Stored data:
'''

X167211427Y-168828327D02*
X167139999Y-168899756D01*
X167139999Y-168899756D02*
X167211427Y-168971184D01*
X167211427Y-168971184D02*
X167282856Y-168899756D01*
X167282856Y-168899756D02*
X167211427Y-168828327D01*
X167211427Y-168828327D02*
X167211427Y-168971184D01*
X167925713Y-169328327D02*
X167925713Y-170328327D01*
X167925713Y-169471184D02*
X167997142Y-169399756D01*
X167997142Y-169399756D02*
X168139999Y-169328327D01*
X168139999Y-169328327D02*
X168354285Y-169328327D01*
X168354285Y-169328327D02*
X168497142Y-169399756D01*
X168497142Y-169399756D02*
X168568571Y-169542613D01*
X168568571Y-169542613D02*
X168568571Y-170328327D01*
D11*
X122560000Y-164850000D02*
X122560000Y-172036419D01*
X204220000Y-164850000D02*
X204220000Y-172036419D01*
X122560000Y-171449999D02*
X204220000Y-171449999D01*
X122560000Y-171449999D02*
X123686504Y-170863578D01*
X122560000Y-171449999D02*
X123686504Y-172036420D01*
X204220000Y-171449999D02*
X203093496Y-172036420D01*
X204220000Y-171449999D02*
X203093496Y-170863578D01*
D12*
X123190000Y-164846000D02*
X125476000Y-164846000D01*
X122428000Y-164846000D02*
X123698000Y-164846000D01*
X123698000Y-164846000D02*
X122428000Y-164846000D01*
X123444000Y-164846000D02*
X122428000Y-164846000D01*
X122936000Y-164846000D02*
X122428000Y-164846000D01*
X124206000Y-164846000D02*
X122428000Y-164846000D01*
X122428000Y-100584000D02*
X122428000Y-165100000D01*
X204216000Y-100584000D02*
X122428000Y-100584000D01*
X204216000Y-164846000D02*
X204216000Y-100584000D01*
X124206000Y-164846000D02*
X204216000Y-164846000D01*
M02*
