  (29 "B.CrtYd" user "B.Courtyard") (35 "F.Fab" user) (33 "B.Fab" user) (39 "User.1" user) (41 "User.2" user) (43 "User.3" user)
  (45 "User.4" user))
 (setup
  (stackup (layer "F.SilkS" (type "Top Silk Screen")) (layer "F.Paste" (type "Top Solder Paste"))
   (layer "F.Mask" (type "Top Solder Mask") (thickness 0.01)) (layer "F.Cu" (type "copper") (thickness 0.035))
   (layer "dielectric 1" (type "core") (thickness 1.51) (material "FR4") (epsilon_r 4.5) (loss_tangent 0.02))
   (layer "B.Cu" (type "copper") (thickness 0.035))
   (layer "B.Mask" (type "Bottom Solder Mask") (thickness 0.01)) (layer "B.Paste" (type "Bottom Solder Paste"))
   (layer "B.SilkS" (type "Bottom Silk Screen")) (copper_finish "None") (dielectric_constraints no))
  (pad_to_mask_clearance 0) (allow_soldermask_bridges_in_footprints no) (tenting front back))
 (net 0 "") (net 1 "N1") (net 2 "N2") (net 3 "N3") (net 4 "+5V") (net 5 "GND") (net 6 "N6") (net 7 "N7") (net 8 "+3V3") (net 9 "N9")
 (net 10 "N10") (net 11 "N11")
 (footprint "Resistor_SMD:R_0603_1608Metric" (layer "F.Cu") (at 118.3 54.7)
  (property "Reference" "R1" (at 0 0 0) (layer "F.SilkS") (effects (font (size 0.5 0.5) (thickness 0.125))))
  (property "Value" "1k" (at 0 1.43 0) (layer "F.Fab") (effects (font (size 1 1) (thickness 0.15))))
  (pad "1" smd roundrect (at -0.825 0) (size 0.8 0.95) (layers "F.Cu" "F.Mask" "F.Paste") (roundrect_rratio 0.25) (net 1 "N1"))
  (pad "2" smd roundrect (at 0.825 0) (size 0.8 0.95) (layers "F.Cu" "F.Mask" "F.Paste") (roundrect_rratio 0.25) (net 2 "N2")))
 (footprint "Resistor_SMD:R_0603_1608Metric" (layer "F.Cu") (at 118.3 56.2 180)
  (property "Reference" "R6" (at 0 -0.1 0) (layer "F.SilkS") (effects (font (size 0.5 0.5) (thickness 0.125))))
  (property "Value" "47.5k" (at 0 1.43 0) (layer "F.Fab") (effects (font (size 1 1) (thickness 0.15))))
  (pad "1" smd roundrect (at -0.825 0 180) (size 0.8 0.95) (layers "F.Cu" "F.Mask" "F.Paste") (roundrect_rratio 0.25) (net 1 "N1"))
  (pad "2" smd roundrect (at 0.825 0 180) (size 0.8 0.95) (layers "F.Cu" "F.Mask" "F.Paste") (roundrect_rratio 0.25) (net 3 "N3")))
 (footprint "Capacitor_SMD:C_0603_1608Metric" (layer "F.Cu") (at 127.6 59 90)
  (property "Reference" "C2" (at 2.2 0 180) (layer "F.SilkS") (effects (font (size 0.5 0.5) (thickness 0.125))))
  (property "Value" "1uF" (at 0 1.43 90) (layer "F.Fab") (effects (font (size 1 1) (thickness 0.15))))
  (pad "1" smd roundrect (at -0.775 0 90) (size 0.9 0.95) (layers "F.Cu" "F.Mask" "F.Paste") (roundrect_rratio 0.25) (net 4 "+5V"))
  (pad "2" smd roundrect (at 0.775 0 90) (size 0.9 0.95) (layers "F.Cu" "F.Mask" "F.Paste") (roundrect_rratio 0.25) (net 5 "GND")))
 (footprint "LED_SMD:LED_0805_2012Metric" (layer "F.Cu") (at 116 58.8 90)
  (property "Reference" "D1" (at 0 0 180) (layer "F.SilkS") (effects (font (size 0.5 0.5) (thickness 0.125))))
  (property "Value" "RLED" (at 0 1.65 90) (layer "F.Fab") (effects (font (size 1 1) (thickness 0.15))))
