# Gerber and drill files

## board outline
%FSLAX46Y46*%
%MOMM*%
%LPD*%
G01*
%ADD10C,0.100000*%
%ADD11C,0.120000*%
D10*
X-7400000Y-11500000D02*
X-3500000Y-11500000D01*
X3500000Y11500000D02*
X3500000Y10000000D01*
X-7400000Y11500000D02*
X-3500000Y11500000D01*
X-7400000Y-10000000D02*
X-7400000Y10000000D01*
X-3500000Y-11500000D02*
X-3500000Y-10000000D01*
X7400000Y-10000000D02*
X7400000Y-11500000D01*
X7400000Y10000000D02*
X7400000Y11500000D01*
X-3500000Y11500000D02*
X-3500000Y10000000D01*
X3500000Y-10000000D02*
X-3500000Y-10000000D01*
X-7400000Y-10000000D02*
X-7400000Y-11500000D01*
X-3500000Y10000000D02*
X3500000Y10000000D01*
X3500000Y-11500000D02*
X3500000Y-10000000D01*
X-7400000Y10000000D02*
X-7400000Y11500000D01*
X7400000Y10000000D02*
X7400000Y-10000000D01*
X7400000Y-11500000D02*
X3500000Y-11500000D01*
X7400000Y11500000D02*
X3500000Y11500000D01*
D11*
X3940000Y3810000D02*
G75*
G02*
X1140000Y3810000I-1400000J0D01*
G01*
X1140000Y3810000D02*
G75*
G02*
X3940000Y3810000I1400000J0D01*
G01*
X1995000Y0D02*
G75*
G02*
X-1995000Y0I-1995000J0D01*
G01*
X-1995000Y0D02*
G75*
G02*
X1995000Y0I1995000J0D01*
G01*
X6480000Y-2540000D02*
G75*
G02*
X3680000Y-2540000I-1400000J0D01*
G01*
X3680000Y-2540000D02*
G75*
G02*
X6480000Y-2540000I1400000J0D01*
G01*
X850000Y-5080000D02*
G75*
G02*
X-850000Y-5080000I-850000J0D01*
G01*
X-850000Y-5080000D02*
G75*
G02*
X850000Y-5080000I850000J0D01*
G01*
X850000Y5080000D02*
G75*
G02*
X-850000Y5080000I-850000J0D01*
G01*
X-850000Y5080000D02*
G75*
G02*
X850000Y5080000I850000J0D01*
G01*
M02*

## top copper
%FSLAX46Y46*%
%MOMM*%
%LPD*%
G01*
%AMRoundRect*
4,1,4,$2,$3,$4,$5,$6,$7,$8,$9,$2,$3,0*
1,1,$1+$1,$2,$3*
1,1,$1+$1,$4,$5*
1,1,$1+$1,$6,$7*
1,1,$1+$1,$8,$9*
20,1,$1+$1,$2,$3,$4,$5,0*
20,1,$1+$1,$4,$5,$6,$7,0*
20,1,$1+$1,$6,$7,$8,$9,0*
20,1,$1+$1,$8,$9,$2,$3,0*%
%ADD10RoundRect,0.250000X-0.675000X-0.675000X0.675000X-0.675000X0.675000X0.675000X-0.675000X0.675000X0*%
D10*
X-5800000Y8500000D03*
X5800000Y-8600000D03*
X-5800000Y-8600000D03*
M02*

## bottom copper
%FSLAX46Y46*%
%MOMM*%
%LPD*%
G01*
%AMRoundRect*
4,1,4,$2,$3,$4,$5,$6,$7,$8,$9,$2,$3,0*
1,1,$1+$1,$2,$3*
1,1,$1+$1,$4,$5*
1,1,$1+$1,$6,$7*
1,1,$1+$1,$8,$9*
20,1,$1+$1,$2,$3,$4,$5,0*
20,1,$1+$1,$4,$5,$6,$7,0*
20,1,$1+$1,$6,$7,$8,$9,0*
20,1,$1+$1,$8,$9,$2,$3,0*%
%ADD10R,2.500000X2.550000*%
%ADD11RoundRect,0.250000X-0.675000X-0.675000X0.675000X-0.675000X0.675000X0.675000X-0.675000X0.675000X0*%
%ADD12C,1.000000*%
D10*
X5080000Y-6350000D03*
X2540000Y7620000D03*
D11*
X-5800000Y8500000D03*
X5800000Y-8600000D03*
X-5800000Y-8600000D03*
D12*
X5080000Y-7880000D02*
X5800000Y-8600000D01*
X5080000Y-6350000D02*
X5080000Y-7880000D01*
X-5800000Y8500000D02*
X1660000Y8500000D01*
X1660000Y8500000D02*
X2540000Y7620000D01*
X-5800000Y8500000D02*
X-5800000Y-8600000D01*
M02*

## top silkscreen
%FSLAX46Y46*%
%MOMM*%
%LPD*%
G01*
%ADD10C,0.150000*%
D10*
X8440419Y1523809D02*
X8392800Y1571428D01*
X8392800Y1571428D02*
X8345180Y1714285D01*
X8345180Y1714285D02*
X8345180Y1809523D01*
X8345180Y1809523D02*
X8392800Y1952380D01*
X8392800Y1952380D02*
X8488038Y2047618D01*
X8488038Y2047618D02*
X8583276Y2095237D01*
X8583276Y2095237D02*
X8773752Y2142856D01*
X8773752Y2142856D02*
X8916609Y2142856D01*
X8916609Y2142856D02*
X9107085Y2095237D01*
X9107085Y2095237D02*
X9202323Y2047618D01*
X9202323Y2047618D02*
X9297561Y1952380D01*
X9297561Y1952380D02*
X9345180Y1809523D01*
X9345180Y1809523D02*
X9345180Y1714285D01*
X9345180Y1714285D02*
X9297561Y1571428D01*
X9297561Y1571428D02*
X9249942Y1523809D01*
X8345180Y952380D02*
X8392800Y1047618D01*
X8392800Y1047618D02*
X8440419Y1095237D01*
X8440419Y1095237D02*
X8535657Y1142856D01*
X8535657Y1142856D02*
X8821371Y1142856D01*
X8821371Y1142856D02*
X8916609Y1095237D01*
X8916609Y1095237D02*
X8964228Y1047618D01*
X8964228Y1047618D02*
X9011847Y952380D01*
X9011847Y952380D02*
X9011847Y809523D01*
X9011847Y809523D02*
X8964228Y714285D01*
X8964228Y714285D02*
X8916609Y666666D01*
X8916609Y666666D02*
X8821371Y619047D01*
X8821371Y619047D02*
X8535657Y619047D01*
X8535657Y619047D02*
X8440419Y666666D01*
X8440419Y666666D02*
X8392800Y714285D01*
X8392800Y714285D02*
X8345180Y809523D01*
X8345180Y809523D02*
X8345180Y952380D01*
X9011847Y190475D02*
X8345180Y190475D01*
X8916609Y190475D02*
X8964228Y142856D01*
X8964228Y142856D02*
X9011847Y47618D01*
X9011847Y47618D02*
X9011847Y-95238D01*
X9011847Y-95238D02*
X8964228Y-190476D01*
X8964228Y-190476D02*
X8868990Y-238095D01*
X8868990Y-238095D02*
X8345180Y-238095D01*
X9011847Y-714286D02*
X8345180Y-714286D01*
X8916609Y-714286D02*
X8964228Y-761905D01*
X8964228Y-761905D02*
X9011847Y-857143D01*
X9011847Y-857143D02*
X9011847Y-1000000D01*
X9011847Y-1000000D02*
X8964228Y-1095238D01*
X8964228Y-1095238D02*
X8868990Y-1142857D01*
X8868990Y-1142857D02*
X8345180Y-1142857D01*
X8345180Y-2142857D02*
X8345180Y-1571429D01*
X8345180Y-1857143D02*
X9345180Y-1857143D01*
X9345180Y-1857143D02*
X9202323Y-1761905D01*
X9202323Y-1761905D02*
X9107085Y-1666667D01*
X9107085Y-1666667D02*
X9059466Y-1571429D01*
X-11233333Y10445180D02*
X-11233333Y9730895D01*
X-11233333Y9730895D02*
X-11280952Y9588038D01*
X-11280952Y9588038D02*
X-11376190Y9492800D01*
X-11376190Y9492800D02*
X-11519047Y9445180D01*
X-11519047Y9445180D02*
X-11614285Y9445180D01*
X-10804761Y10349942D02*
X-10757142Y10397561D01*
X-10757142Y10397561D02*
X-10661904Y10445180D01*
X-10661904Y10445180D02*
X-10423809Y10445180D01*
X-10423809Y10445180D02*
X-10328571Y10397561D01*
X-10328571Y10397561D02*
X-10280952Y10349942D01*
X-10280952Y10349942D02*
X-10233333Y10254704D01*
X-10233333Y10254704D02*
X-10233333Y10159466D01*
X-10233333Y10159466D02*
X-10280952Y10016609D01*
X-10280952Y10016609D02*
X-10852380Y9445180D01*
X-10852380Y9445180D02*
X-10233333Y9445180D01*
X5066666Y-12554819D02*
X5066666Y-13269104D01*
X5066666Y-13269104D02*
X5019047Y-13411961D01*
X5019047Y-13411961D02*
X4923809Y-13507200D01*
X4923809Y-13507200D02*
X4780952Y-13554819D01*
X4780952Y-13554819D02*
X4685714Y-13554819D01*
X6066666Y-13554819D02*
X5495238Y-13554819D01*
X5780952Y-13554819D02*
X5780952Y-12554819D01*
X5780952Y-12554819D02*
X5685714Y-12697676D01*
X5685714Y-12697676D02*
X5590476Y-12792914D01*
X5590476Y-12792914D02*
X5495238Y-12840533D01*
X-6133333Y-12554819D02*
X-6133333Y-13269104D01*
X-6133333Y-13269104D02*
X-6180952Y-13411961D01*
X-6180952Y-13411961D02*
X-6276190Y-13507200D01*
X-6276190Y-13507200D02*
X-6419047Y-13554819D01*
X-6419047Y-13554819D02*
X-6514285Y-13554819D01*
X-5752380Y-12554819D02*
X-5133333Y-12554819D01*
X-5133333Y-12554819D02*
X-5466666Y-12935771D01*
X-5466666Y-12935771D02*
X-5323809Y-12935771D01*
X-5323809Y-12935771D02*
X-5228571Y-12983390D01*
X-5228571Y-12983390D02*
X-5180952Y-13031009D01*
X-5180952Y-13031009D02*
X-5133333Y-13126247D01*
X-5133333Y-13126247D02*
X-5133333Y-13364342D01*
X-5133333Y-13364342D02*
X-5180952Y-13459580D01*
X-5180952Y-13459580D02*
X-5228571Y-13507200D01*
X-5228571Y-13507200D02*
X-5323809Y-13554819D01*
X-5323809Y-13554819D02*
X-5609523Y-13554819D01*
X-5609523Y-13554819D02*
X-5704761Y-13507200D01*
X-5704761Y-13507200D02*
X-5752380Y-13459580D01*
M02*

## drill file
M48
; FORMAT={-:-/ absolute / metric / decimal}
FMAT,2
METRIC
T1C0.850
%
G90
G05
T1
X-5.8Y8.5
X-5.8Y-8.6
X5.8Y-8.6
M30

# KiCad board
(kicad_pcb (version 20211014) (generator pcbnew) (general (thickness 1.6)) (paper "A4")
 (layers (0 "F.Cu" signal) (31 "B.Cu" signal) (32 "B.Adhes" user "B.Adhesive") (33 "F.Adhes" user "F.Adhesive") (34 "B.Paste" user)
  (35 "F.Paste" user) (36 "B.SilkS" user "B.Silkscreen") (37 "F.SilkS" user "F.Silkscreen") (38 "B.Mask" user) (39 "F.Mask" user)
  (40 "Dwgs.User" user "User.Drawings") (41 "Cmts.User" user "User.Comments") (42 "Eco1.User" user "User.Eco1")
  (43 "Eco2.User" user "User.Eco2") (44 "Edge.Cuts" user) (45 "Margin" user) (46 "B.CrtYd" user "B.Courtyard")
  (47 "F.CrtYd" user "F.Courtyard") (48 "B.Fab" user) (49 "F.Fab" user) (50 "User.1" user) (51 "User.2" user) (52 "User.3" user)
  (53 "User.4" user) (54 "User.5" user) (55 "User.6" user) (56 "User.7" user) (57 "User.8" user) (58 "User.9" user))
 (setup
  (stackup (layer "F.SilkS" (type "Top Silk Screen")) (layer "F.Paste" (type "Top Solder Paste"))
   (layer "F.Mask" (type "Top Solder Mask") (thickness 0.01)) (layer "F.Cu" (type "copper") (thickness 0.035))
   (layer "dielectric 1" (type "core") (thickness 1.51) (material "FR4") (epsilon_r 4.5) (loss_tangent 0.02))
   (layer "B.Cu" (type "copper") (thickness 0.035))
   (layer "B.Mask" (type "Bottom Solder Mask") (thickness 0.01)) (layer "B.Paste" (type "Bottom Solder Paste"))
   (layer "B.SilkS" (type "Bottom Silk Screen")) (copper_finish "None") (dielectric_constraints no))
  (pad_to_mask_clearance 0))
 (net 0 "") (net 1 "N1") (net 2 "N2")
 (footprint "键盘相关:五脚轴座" (layer "F.Cu") (at 0 0 -90)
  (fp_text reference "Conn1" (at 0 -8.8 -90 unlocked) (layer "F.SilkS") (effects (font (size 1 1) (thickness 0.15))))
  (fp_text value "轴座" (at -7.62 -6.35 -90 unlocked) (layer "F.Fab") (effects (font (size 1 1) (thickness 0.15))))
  (fp_circle (center -3.81 -2.54) (end -2.41 -2.54) (layer "Edge.Cuts") (width 0.12) (fill none))
  (fp_circle (center 0 0) (end 1.995 0) (layer "Edge.Cuts") (width 0.12) (fill none))
  (fp_circle (center 2.54 -5.08) (end 3.94 -5.08) (layer "Edge.Cuts") (width 0.12) (fill none))
  (fp_circle (center 5.08 0) (end 5.93 0) (layer "Edge.Cuts") (width 0.12) (fill none))
  (fp_circle (center -5.08 0) (end -4.23 0) (layer "Edge.Cuts") (width 0.12) (fill none))
  (pad "1" smd rect (at 6.35 -5.08 270) (size 2.55 2.5) (layers "B.Cu" "B.Paste" "B.Mask") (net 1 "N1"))
  (pad "2" smd rect (at -7.62 -2.54 270) (size 2.55 2.5) (layers "B.Cu" "B.Paste" "B.Mask") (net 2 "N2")))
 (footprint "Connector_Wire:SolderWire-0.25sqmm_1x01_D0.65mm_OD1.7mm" (layer "F.Cu") (at -5.8 -8.6)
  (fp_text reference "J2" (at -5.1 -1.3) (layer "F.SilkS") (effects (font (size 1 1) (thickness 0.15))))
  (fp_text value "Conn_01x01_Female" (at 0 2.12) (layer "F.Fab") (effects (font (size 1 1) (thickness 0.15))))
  (pad "1" thru_hole roundrect (at 0 0.1) (size 1.85 1.85) (drill 0.85) (layers *.Cu *.Mask) (roundrect_rratio 0.135135) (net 2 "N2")))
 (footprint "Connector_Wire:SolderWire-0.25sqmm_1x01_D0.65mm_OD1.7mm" (layer "F.Cu") (at 5.8 8.6)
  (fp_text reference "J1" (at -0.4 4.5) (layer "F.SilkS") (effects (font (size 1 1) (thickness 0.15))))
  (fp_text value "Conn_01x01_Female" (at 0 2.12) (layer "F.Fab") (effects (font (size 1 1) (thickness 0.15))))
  (pad "1" thru_hole roundrect (at 0 0) (size 1.85 1.85) (drill 0.85) (layers *.Cu *.Mask) (roundrect_rratio 0.135135) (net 1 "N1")))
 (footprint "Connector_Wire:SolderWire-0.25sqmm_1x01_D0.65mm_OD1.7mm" (layer "F.Cu") (at -5.8 8.6)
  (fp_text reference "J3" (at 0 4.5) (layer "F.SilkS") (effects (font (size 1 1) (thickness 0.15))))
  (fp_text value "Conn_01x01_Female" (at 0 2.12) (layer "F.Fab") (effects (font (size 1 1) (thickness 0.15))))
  (pad "1" thru_hole roundrect (at 0 0) (size 1.85 1.85) (drill 0.85) (layers *.Cu *.Mask) (roundrect_rratio 0.135135) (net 2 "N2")))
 (gr_line (start -7.4 11.5) (end -3.5 11.5) (layer "Edge.Cuts") (width 0.1))
 (gr_line (start 3.5 -11.5) (end 3.5 -10) (layer "Edge.Cuts") (width 0.1))
 (gr_line (start -7.4 -11.5) (end -3.5 -11.5) (layer "Edge.Cuts") (width 0.1))
 (gr_line (start -7.4 10) (end -7.4 -10) (layer "Edge.Cuts") (width 0.1))
 (gr_line (start -3.5 11.5) (end -3.5 10) (layer "Edge.Cuts") (width 0.1))
 (gr_line (start 7.4 10) (end 7.4 11.5) (layer "Edge.Cuts") (width 0.1))
 (gr_line (start 7.4 -10) (end 7.4 -11.5) (layer "Edge.Cuts") (width 0.1))
 (gr_line (start -3.5 -11.5) (end -3.5 -10) (layer "Edge.Cuts") (width 0.1))
 (gr_line (start 3.5 10) (end -3.5 10) (layer "Edge.Cuts") (width 0.1))
 (gr_line (start -7.4 10) (end -7.4 11.5) (layer "Edge.Cuts") (width 0.1))
 (gr_line (start -3.5 -10) (end 3.5 -10) (layer "Edge.Cuts") (width 0.1))
 (gr_line (start 3.5 11.5) (end 3.5 10) (layer "Edge.Cuts") (width 0.1))
 (gr_line (start -7.4 -10) (end -7.4 -11.5) (layer "Edge.Cuts") (width 0.1))
 (gr_line (start 7.4 -10) (end 7.4 10) (layer "Edge.Cuts") (width 0.1))
 (gr_line (start 7.4 11.5) (end 3.5 11.5) (layer "Edge.Cuts") (width 0.1))
 (gr_line (start 7.4 -11.5) (end 3.5 -11.5) (layer "Edge.Cuts") (width 0.1))
 (segment (start 5.08 7.88) (end 5.8 8.6) (width 1) (layer "B.Cu") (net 1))
 (segment (start 5.08 6.35) (end 5.08 7.88) (width 1) (layer "B.Cu") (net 1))
 (segment (start -5.8 -8.5) (end 1.66 -8.5) (width 1) (layer "B.Cu") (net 2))
 (segment (start 1.66 -8.5) (end 2.54 -7.62) (width 1) (layer "B.Cu") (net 2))
 (segment (start -5.8 -8.5) (end -5.8 8.6) (width 1) (layer "B.Cu") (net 2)))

'''

Copy the lines above exactly. Start with the line containing "1.65 90) (layer", end with the line containing "X-3500000Y11500000D01*", and include both.

  (property "Value" "RLED" (at 0 1.65 90) (layer "F.Fab") (effects (font (size 1 1) (thickness 0.15))))
# Gerber and drill files

## board outline
%FSLAX46Y46*%
%MOMM*%
%LPD*%
G01*
%ADD10C,0.100000*%
%ADD11C,0.120000*%
D10*
X-7400000Y-11500000D02*
X-3500000Y-11500000D01*
X3500000Y11500000D02*
X3500000Y10000000D01*
X-7400000Y11500000D02*
X-3500000Y11500000D01*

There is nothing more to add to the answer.